Idzie zobaczyć, co się dzieje w obozie, bo słyszy jakieś dźwięki.

Cześć Słoneczne Niebo coś się stało mówi zdezorientowana?

Cześć Jagodowa Pieśni tak Trzcinowe Serce zmarła.

Tak mi przykro Trzcinowe Serce była dobrą wojowniczką i dawną zastępczynią niech spoczywa w Klanie Gwiazdy będziemy za nią tęsknić mówi z smutkiem.

Słoneczne Niebo widzę, że jesteś trochę poddenerwowana, może chcesz się zemną na spacer przejść?

Dobrze chodźmy Jagodowa Pieśni.

Biszkoptowe Serce chodź z nami.

Dobrze.

Przychodzą na Lasy Wschodnie.

Spaceruje.

Uh... chyba poród już idzie mam skurcze porodowe.

Patrzy na każdego po kolei Co teraz zrobimy?

Biegnę po medyka!

Biegnij jak najszybciej!

Zostanę tu przy tobie.

Dziękuje Słoneczne Niebo oddycha słabo.

Oddychaj spokojnie... mówi cicho i spokojnie do kotki i liżę ją po głowie, aby ją uspokoić. Zaraz przyjdzie Biszkoptowe Serce z medykiem.

Oby przyszedł jak najszybciej. 

Na pewno przybiegnie tu najszybciej jak potrafi.

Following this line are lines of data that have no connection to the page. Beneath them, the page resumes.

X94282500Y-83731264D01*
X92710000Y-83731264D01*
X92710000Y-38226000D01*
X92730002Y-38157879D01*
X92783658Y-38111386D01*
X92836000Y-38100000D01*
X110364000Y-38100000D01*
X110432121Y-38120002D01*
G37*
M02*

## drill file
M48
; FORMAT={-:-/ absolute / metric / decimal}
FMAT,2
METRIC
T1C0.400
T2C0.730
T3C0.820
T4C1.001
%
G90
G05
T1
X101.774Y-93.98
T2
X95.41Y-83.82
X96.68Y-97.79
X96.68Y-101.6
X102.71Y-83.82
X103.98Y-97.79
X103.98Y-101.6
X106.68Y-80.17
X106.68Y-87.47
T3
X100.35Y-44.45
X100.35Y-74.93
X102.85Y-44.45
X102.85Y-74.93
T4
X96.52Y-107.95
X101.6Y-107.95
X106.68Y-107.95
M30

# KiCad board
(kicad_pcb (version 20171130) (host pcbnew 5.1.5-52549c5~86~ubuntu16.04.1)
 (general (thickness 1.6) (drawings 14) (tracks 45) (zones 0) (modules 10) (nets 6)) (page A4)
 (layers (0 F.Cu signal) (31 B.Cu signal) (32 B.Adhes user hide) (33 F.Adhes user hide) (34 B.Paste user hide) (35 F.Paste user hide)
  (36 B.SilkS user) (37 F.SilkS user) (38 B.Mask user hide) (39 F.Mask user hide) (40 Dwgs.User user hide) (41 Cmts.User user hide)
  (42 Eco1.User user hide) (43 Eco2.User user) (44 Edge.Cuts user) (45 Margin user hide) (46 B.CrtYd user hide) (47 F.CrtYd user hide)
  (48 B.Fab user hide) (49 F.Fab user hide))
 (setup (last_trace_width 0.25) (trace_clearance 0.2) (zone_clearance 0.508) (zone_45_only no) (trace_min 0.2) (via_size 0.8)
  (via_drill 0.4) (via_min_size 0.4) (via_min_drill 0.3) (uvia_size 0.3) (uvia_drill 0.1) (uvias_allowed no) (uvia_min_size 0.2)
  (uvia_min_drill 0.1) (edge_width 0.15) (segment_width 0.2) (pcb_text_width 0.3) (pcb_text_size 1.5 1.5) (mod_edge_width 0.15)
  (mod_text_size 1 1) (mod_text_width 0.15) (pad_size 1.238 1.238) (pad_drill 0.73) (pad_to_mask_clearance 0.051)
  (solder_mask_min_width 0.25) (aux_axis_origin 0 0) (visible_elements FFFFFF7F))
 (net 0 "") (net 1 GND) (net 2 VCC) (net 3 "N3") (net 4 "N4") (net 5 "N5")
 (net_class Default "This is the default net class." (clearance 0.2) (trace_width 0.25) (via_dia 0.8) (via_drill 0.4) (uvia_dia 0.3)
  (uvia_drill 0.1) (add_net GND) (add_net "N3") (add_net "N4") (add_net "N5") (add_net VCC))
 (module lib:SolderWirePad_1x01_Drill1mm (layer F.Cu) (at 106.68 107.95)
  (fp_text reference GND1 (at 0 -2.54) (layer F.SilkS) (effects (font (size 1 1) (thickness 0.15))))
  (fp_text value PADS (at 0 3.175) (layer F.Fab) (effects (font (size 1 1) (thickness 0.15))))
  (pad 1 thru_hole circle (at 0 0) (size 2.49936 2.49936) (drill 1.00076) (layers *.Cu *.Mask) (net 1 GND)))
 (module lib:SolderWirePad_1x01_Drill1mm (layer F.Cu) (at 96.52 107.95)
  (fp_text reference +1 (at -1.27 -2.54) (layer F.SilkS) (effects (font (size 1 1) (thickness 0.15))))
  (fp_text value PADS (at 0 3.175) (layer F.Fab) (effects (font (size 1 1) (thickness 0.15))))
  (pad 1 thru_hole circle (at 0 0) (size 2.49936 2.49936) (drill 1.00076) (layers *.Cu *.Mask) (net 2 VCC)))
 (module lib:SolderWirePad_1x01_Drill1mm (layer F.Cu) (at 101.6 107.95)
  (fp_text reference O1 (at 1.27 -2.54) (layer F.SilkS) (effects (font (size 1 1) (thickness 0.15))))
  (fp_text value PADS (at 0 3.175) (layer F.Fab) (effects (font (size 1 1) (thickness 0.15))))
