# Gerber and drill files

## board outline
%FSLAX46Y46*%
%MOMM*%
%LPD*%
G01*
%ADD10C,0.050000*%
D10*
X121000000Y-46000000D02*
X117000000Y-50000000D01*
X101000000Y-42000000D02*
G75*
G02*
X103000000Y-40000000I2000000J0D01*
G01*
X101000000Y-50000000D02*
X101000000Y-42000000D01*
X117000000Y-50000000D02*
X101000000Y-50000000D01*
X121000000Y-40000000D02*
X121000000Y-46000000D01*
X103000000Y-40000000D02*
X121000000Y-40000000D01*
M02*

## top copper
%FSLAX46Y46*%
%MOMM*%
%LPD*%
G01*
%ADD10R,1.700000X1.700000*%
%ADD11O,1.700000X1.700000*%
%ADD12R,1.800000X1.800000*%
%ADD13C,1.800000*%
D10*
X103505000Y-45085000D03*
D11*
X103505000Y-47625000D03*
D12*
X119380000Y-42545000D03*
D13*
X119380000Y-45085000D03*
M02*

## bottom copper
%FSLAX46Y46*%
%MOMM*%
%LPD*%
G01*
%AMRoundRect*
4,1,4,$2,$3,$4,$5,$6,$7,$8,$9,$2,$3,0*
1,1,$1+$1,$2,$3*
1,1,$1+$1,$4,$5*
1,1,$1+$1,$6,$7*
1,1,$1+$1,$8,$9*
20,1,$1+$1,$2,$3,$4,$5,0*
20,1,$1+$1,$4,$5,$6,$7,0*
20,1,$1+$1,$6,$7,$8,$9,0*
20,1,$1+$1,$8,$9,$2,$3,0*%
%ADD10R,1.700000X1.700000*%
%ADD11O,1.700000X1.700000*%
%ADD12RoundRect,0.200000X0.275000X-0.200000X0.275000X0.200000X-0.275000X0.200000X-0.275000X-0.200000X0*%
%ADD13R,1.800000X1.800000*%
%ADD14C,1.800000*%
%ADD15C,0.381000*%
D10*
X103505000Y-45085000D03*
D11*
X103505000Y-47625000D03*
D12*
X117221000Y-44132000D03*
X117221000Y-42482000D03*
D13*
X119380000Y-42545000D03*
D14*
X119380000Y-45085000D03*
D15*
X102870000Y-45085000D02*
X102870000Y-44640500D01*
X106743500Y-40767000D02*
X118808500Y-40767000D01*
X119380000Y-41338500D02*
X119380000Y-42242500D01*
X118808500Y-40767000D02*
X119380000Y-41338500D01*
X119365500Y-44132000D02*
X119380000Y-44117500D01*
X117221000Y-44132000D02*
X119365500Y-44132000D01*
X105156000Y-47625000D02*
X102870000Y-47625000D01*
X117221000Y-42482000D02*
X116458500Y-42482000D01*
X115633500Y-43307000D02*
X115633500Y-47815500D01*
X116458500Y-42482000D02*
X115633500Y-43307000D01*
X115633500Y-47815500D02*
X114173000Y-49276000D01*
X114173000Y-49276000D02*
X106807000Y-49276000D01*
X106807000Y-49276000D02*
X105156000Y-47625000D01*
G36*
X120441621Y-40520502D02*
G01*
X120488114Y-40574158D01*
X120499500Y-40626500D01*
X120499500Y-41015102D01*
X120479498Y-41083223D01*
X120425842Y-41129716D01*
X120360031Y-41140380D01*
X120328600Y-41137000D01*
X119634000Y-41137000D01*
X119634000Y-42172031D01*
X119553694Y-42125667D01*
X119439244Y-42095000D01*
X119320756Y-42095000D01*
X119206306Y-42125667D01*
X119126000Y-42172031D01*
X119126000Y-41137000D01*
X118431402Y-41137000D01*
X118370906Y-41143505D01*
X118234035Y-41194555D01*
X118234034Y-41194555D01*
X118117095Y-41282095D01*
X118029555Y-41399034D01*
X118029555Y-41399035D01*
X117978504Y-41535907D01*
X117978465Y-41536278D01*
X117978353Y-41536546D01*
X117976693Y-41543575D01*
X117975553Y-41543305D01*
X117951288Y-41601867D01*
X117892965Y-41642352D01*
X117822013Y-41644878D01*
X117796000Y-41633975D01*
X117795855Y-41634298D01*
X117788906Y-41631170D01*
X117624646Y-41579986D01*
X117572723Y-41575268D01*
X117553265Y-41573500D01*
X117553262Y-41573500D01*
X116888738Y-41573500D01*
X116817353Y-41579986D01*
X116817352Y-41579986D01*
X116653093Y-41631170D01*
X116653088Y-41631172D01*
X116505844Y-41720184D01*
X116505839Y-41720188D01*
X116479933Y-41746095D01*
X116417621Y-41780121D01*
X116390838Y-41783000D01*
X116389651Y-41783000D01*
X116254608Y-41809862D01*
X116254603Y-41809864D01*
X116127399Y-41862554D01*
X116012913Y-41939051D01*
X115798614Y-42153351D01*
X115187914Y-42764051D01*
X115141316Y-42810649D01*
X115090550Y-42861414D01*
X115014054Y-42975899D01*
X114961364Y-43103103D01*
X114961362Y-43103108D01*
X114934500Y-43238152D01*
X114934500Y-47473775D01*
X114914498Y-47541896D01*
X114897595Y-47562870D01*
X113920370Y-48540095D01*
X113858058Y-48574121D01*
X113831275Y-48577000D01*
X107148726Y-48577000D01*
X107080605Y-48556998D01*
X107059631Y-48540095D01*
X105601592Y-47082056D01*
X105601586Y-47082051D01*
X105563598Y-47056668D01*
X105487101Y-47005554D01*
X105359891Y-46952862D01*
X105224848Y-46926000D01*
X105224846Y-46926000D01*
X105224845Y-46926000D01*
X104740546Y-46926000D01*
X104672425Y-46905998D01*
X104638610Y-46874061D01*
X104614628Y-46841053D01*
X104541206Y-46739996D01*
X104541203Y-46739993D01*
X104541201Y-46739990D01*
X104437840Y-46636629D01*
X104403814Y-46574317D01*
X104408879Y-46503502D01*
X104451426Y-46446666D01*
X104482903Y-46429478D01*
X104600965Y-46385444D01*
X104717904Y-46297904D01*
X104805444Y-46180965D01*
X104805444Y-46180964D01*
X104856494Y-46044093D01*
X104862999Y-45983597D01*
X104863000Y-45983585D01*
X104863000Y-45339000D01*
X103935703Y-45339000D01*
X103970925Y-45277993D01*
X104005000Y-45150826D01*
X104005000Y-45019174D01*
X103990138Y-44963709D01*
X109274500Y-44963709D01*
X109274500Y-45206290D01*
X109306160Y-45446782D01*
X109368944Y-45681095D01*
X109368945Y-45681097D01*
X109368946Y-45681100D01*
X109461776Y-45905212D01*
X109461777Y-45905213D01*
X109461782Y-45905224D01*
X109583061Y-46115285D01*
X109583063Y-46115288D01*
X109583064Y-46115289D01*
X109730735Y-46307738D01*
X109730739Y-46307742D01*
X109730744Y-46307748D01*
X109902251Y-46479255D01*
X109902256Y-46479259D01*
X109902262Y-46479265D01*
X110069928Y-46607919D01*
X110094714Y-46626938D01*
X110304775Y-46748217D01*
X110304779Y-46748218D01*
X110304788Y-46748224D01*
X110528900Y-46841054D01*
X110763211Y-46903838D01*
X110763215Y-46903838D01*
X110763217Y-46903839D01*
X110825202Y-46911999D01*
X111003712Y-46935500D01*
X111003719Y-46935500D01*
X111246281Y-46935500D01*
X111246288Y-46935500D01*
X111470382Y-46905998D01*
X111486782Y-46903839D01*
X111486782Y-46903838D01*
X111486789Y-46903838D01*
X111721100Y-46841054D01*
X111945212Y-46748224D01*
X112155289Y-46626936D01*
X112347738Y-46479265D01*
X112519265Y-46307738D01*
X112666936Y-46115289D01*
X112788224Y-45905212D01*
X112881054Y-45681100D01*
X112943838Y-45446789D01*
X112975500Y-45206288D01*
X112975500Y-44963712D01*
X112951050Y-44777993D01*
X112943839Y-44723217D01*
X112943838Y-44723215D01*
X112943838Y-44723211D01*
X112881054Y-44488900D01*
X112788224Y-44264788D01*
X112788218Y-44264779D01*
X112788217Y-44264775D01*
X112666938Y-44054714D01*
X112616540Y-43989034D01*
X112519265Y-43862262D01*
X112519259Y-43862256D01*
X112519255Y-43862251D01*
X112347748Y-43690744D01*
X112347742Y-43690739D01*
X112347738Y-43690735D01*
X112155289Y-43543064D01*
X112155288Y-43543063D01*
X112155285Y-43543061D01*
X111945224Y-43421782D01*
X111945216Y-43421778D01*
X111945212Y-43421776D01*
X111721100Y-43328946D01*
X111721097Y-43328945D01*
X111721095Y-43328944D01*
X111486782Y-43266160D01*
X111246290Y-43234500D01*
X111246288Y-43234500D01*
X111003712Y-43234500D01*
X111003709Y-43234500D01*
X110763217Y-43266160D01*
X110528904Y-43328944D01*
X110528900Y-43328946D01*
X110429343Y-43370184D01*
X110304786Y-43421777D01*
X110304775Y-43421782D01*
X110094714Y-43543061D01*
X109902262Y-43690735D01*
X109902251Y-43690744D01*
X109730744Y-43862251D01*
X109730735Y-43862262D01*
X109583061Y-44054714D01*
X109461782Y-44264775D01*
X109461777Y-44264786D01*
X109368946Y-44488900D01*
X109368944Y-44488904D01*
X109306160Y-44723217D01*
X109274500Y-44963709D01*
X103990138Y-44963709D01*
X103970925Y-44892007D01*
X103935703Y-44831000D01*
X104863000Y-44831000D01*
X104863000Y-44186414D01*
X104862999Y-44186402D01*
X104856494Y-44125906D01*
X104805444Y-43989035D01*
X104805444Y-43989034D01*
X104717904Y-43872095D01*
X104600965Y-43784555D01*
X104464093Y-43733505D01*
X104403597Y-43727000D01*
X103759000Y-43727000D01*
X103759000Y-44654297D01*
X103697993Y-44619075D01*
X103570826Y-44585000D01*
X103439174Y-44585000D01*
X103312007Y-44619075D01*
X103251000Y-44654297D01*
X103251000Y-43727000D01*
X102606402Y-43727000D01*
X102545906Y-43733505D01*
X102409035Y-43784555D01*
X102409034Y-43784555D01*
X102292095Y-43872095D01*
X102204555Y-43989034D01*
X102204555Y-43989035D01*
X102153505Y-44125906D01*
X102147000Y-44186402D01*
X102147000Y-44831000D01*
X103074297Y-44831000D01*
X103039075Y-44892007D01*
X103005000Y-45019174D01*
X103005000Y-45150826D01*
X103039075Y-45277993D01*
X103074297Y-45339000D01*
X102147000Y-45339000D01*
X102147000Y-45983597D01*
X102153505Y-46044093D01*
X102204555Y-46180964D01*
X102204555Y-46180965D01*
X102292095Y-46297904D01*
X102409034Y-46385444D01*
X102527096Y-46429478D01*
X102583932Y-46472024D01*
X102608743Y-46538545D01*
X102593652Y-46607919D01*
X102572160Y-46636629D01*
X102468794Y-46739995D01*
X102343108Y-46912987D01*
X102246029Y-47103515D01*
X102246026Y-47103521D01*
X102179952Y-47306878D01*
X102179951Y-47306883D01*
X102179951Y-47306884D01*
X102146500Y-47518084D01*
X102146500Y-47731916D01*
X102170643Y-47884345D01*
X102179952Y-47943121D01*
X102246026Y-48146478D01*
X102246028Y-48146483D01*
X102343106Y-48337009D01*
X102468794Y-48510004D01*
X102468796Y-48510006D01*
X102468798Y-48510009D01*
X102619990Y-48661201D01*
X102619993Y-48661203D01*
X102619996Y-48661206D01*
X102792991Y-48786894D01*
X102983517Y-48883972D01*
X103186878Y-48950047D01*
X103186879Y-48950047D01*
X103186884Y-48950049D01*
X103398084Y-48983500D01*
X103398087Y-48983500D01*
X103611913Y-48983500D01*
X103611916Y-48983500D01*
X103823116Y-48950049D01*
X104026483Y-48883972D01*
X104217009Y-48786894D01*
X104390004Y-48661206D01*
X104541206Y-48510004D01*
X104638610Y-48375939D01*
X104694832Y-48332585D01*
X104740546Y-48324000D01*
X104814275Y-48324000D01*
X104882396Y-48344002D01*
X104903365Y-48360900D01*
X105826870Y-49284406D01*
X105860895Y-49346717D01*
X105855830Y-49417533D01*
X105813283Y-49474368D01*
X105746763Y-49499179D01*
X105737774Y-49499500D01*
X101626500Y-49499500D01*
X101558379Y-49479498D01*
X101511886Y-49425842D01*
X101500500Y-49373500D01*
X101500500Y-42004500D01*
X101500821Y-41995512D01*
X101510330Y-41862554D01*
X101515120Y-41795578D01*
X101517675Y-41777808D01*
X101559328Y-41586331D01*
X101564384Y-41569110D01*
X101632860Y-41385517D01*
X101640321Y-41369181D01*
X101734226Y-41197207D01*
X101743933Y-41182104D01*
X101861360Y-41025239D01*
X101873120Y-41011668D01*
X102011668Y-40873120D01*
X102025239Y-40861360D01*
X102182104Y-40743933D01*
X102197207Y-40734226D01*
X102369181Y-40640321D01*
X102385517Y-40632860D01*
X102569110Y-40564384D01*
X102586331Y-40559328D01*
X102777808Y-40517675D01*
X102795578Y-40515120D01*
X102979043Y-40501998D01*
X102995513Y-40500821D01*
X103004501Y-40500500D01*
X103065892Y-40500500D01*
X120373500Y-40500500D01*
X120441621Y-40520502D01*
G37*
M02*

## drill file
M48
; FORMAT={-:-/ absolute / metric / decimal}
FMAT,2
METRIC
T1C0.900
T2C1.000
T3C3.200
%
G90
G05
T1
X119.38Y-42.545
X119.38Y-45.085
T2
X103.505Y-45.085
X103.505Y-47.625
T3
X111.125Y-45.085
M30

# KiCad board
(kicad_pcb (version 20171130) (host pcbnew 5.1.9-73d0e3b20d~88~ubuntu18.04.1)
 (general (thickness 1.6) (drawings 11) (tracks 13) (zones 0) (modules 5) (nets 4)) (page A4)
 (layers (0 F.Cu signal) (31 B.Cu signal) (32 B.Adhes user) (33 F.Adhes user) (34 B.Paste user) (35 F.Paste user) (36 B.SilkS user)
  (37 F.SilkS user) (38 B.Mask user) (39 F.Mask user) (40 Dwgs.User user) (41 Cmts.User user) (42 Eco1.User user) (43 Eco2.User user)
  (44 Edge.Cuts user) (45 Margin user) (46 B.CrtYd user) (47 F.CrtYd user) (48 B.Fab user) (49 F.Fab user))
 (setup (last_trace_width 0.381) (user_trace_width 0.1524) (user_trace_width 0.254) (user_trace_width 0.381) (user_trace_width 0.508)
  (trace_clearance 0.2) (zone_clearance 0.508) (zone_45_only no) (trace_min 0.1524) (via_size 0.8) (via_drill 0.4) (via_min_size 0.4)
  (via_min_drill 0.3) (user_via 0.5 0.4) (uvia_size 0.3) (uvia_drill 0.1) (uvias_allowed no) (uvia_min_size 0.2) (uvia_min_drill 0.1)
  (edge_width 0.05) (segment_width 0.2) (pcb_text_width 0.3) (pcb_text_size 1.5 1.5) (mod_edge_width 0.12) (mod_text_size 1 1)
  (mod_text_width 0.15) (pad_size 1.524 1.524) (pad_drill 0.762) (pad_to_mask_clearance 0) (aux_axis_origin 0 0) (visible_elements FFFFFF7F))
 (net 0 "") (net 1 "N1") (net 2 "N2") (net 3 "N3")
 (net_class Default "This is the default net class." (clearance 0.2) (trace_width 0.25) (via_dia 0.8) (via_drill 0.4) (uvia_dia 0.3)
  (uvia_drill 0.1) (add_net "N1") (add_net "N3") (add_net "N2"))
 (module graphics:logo (layer F.Cu) (at 118 43)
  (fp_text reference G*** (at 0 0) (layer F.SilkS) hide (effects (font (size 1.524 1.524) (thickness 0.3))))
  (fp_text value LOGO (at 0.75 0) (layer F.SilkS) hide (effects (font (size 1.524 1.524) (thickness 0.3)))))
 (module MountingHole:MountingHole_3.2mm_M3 (layer F.Cu) (at 111.125 45.085)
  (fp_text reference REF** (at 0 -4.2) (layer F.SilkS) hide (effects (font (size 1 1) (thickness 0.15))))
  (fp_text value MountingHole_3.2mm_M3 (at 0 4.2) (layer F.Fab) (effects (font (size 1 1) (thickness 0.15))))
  (pad 1 np_thru_hole circle (at 0 0) (size 3.2 3.2) (drill 3.2) (layers *.Cu *.Mask)))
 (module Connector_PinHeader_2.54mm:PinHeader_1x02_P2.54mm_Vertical (layer F.Cu) (at 103.505 45.085)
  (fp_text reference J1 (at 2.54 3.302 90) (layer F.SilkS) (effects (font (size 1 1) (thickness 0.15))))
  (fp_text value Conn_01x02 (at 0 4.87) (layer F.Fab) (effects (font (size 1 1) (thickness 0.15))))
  (pad 1 thru_hole rect (at 0 0) (size 1.7 1.7) (drill 1) (layers *.Cu *.Mask) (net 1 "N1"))
  (pad 2 thru_hole oval (at 0 2.54) (size 1.7 1.7) (drill 1) (layers *.Cu *.Mask) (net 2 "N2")))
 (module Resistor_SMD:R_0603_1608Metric (layer B.Cu) (at 117.221 43.307 90)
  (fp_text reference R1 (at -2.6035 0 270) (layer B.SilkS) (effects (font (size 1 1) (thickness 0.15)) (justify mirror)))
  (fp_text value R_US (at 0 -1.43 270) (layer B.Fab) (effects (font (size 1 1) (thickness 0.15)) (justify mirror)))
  (pad 1 smd roundrect (at -0.825 0 90) (size 0.8 0.95) (layers B.Cu B.Paste B.Mask) (roundrect_rratio 0.25) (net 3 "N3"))
  (pad 2 smd roundrect (at 0.825 0 90) (size 0.8 0.95) (layers B.Cu B.Paste B.Mask) (roundrect_rratio 0.25) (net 2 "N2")))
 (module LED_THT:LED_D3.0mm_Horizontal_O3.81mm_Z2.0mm (layer B.Cu) (at 119.38 42.545 270)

Liżę Jagodową Pieśń po głowie spokojnie... jestem przy tobie.

Wciąż liżę Jagodową Pieśń po głowie.

Gdzie oni są mówi trochę spanikowana.

Uspokaja kotkę.

Słoneczne Niebo! zaczęła panikować.

Nie ma na co czekać...

Poczekaj biegnie po jakieś liście i podkłada pod brzuch kotki.

Musimy sobie same poradzić...

Dobra... bądź spokojna biegnie po patyk i daje go kotce masz.

Bierzę patyk do pyska.

Słoneczne Niebo boję się o mnie i moje kociaki.

Ja też, ale nie mamy wyjścia... nikt nie przyszedł, więc musimy sobie jakoś radzić.

Zrobię wszystko, co w mojej mocy, aby kociaki urodziły się zdrowe!

Przybiega jestem.

Rozkwitające Marznie!

Położyłam pod jej brzuch liście i dałam jej patyka... starałam się.

Dziękuje bardzo...

Zaczyna krwawić.

Spokojnie... uspokaja kotkę liżąc po głowie.

Sprawdza czy liście malin są dobrze położone i delikatnie je przesuwa bliżej brzucha.

Czeka na rozwój sytuacji.

Pierwszy skurcz przyszedł i Jagodowa Pieśń ugryzła tak mocno patyk, że patyk się odłamał na pół.

Rodzi się.

Biegnie po kociaka i go wylizuję.

Rodzi się.

Wylizuję kociaka.

Rodzi się i popiskuję.

Bierzę kociaka i wylizuję.

Kotka powoli wyślizgnęła się na mech. Było coś jednak bardziej niepokojącego. Nie wydawała żadnych oznak życia.

Koteczko? przybliża się do koteczki.

Patrzy na kociaka Ona nie żyję?

Sprawdza jej oddech.

Oddycha, spokojnie.

Jak dobrze...

Ona żyję, wszystko dobrze, jednak... Mam pewne.. wątpliwości.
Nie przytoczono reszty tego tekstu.